| Work to be completed |
The word "Courtyard" occurs in some of the lines below; copy each of those lines.

| Data |
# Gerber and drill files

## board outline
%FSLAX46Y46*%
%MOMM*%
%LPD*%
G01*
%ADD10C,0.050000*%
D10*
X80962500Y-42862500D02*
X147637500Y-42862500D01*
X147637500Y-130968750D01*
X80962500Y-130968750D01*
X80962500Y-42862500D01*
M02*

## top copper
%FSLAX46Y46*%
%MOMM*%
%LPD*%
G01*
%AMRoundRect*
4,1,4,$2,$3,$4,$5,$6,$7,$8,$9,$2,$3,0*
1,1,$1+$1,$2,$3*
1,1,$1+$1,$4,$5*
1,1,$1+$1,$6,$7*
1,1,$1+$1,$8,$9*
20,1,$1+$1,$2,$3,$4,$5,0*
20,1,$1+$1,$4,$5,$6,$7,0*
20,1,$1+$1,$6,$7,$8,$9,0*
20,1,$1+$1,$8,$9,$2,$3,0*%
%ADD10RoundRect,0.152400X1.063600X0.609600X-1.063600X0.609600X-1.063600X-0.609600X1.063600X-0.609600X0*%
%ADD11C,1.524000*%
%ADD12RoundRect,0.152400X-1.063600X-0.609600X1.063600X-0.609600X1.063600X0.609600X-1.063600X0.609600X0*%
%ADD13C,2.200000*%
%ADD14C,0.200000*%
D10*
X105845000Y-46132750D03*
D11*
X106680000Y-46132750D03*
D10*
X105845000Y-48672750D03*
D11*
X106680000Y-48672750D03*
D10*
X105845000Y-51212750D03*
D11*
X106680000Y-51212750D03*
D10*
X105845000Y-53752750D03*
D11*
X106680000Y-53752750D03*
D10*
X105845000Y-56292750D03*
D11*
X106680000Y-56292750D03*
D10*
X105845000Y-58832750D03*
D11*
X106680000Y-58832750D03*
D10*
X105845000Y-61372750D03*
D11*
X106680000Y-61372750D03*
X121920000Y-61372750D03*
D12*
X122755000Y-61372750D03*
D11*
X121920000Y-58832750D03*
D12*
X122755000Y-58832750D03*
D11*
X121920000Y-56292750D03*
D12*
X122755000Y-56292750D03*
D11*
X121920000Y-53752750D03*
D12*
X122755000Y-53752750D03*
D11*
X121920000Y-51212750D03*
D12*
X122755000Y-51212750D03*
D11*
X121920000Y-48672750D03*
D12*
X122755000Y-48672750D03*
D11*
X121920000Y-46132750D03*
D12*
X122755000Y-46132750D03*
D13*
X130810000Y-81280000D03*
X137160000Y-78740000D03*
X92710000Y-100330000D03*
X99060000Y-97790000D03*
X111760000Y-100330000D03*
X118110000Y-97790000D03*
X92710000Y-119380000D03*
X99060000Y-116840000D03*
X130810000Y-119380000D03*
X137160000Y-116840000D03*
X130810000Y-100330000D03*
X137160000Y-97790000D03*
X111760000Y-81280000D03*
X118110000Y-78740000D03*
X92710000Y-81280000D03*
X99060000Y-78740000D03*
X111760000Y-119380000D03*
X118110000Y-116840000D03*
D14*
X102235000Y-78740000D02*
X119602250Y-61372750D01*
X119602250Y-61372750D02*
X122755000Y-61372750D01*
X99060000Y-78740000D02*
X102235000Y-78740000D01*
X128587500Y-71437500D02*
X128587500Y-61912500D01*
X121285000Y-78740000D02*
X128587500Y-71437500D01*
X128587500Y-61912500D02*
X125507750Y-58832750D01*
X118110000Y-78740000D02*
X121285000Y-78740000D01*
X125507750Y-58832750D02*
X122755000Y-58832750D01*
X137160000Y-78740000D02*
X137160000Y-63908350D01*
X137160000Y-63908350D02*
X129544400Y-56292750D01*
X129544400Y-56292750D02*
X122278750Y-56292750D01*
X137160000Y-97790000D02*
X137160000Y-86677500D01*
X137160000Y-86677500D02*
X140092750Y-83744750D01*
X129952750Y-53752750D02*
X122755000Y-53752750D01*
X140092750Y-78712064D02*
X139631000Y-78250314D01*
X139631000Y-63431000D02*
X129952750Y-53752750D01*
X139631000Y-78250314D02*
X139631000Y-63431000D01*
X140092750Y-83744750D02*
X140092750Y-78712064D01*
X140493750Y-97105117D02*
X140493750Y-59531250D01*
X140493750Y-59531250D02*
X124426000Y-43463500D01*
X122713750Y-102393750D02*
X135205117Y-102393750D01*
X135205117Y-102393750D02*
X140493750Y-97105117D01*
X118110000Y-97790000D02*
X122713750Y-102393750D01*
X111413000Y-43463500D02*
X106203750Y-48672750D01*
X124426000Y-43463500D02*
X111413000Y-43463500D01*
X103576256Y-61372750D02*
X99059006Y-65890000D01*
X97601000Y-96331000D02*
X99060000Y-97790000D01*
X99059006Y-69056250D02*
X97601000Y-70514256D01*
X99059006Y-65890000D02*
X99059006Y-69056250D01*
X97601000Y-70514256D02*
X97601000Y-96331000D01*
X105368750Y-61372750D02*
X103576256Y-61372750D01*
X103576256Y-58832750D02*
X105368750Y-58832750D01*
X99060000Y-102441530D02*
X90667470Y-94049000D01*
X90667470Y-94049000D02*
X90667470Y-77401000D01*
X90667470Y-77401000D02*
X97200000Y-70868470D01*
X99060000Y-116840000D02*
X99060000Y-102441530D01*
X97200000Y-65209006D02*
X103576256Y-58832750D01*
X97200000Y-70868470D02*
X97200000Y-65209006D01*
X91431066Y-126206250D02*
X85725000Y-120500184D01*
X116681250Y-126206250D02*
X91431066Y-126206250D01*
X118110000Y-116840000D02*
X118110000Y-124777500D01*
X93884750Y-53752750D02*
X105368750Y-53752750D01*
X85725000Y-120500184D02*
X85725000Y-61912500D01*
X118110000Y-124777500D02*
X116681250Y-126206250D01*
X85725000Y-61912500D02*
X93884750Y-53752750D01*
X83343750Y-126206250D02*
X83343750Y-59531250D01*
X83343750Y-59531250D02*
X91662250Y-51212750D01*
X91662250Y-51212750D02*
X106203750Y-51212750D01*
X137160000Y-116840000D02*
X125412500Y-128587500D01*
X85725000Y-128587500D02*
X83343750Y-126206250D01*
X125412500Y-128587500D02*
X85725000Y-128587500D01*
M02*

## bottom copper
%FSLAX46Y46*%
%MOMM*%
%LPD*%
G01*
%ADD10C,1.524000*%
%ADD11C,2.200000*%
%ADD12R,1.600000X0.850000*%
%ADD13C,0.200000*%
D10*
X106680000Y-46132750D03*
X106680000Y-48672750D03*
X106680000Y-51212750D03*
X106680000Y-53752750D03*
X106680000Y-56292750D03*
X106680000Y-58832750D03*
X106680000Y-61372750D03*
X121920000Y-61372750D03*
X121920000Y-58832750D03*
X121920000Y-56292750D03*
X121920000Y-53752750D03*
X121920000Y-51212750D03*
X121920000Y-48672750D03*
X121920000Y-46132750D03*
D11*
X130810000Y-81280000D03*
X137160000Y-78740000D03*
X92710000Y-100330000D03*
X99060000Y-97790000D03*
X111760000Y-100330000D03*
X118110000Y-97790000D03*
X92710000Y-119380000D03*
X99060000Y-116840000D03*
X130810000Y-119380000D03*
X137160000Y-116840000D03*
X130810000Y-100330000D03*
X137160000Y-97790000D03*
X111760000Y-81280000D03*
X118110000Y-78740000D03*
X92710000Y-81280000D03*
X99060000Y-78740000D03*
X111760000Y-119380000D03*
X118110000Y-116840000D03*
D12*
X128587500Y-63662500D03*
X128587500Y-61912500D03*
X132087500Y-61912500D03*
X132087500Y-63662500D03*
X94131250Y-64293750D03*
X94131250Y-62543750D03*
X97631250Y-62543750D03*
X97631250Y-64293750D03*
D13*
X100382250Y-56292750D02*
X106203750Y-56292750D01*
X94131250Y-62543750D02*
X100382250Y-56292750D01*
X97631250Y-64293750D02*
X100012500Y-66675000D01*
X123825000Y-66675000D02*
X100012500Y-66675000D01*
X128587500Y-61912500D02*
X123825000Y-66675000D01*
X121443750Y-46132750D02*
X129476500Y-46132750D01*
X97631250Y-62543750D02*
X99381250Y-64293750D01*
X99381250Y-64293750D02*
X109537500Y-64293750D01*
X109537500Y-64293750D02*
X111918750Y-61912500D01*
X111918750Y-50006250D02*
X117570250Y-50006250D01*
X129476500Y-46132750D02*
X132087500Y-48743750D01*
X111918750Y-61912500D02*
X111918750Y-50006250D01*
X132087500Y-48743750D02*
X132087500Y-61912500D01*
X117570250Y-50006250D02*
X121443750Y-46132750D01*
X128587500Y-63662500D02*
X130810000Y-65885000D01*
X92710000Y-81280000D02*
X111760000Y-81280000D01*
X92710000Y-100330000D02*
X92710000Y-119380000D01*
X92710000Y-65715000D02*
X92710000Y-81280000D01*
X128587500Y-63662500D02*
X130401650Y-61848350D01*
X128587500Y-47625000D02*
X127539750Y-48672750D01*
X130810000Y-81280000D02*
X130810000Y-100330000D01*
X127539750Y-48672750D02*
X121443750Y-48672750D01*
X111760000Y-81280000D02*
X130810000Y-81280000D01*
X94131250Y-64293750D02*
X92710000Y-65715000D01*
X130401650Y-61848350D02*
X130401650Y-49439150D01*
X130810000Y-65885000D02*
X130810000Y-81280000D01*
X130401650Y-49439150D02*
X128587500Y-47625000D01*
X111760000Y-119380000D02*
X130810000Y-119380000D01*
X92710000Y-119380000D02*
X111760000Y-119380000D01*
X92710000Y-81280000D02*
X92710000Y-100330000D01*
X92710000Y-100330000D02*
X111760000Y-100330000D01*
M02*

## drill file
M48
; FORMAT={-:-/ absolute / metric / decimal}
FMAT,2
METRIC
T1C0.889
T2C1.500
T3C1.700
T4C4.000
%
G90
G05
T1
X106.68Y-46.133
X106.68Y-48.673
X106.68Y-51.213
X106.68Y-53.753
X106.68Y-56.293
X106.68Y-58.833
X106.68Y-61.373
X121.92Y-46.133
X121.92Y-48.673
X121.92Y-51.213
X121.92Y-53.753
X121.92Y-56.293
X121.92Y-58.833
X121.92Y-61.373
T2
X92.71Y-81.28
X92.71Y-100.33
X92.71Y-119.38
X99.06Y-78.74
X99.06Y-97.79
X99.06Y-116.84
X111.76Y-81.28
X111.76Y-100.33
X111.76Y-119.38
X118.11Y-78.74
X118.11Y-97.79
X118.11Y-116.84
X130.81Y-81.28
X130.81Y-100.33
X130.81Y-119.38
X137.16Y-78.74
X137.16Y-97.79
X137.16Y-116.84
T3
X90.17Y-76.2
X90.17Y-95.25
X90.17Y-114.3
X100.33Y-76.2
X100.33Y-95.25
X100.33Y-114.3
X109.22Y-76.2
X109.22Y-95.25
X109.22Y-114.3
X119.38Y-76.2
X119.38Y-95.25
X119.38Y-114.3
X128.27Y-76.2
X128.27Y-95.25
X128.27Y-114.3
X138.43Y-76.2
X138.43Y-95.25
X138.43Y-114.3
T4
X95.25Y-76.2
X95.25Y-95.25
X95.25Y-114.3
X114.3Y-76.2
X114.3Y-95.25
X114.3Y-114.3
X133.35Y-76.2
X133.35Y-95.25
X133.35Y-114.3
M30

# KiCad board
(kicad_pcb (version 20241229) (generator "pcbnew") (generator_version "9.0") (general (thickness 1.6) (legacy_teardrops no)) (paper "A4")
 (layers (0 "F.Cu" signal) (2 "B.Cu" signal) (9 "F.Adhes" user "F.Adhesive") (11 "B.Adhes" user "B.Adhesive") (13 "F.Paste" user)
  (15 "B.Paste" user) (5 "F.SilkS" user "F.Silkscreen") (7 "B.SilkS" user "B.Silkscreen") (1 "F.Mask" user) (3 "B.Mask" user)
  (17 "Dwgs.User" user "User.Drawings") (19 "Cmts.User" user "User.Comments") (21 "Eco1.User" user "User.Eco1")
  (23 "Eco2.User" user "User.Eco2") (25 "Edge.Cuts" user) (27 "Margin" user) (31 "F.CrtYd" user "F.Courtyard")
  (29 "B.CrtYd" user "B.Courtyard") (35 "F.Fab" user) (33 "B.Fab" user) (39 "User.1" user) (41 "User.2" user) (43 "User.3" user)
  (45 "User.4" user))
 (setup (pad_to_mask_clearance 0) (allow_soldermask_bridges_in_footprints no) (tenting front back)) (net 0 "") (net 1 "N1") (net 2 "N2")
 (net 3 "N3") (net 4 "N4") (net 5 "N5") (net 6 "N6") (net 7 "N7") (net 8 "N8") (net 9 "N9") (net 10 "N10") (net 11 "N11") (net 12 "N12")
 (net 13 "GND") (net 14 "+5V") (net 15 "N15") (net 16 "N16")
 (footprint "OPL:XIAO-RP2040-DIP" (layer "F.Cu") (at 114.3 53.75275)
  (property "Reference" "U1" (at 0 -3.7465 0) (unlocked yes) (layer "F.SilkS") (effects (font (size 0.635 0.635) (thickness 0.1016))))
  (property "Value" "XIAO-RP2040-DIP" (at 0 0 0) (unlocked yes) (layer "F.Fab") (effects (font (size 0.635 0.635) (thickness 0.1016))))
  (pad "1" smd roundrect (at -8.455 -7.62 180) (size 2.432 1.524) (layers "F.Cu" "F.Mask") (roundrect_rratio 0.1) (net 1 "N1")
   (thermal_bridge_angle 45))
  (pad "1" thru_hole circle (at -7.62 -7.62 180) (size 1.524 1.524) (drill 0.889) (layers "*.Cu" "*.Mask") (remove_unused_layers no)
   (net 1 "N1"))
  (pad "2" smd roundrect (at -8.455 -5.08 180) (size 2.432 1.524) (layers "F.Cu" "F.Mask") (roundrect_rratio 0.1) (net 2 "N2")
   (thermal_bridge_angle 45))
  (pad "2" thru_hole circle (at -7.62 -5.08 180) (size 1.524 1.524) (drill 0.889) (layers "*.Cu" "*.Mask") (remove_unused_layers no)
   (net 2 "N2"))
  (pad "3" smd roundrect (at -8.455 -2.54 180) (size 2.432 1.524) (layers "F.Cu" "F.Mask") (roundrect_rratio 0.1) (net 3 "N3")
   (thermal_bridge_angle 45))
  (pad "3" thru_hole circle (at -7.62 -2.54 180) (size 1.524 1.524) (drill 0.889) (layers "*.Cu" "*.Mask") (remove_unused_layers no)
   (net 3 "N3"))
  (pad "4" smd roundrect (at -8.455 0 180) (size 2.432 1.524) (layers "F.Cu" "F.Mask") (roundrect_rratio 0.1) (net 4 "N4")
   (thermal_bridge_angle 45))
  (pad "4" thru_hole circle (at -7.62 0 180) (size 1.524 1.524) (drill 0.889) (layers "*.Cu" "*.Mask") (remove_unused_layers no)
   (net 4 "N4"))
  (pad "5" smd roundrect (at -8.455 2.54 180) (size 2.432 1.524) (layers "F.Cu" "F.Mask") (roundrect_rratio 0.1) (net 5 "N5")
   (thermal_bridge_angle 45))
  (pad "5" thru_hole circle (at -7.62 2.54 180) (size 1.524 1.524) (drill 0.889) (layers "*.Cu" "*.Mask") (remove_unused_layers no)
   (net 5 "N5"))
  (pad "6" smd roundrect (at -8.455 5.08 180) (size 2.432 1.524) (layers "F.Cu" "F.Mask") (roundrect_rratio 0.1) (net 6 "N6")
   (thermal_bridge_angle 45))
  (pad "6" thru_hole circle (at -7.62 5.08 180) (size 1.524 1.524) (drill 0.889) (layers "*.Cu" "*.Mask") (remove_unused_layers no)
   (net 6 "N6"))
  (pad "7" smd roundrect (at -8.455 7.62 180) (size 2.432 1.524) (layers "F.Cu" "F.Mask") (roundrect_rratio 0.1) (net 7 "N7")
   (thermal_bridge_angle 45))
  (pad "7" thru_hole circle (at -7.62 7.62 180) (size 1.524 1.524) (drill 0.889) (layers "*.Cu" "*.Mask") (remove_unused_layers no)
   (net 7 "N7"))
  (pad "8" thru_hole circle (at 7.62 7.62) (size 1.524 1.524) (drill 0.889) (layers "*.Cu" "*.Mask") (remove_unused_layers no) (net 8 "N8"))
  (pad "8" smd roundrect (at 8.455 7.62) (size 2.432 1.524) (layers "F.Cu" "F.Mask") (roundrect_rratio 0.1) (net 8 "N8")
   (thermal_bridge_angle 45))
  (pad "9" thru_hole circle (at 7.62 5.08) (size 1.524 1.524) (drill 0.889) (layers "*.Cu" "*.Mask") (remove_unused_layers no) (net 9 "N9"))
  (pad "9" smd roundrect (at 8.455 5.08) (size 2.432 1.524) (layers "F.Cu" "F.Mask") (roundrect_rratio 0.1) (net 9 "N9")
   (thermal_bridge_angle 45))
  (pad "10" thru_hole circle (at 7.62 2.54) (size 1.524 1.524) (drill 0.889) (layers "*.Cu" "*.Mask") (remove_unused_layers no)
   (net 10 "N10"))
  (pad "10" smd roundrect (at 8.455 2.54) (size 2.432 1.524) (layers "F.Cu" "F.Mask") (roundrect_rratio 0.1) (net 10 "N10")
   (thermal_bridge_angle 45))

| Response box |
  (23 "Eco2.User" user "User.Eco2") (25 "Edge.Cuts" user) (27 "Margin" user) (31 "F.CrtYd" user "F.Courtyard")
  (29 "B.CrtYd" user "B.Courtyard") (35 "F.Fab" user) (33 "B.Fab" user) (39 "User.1" user) (41 "User.2" user) (43 "User.3" user)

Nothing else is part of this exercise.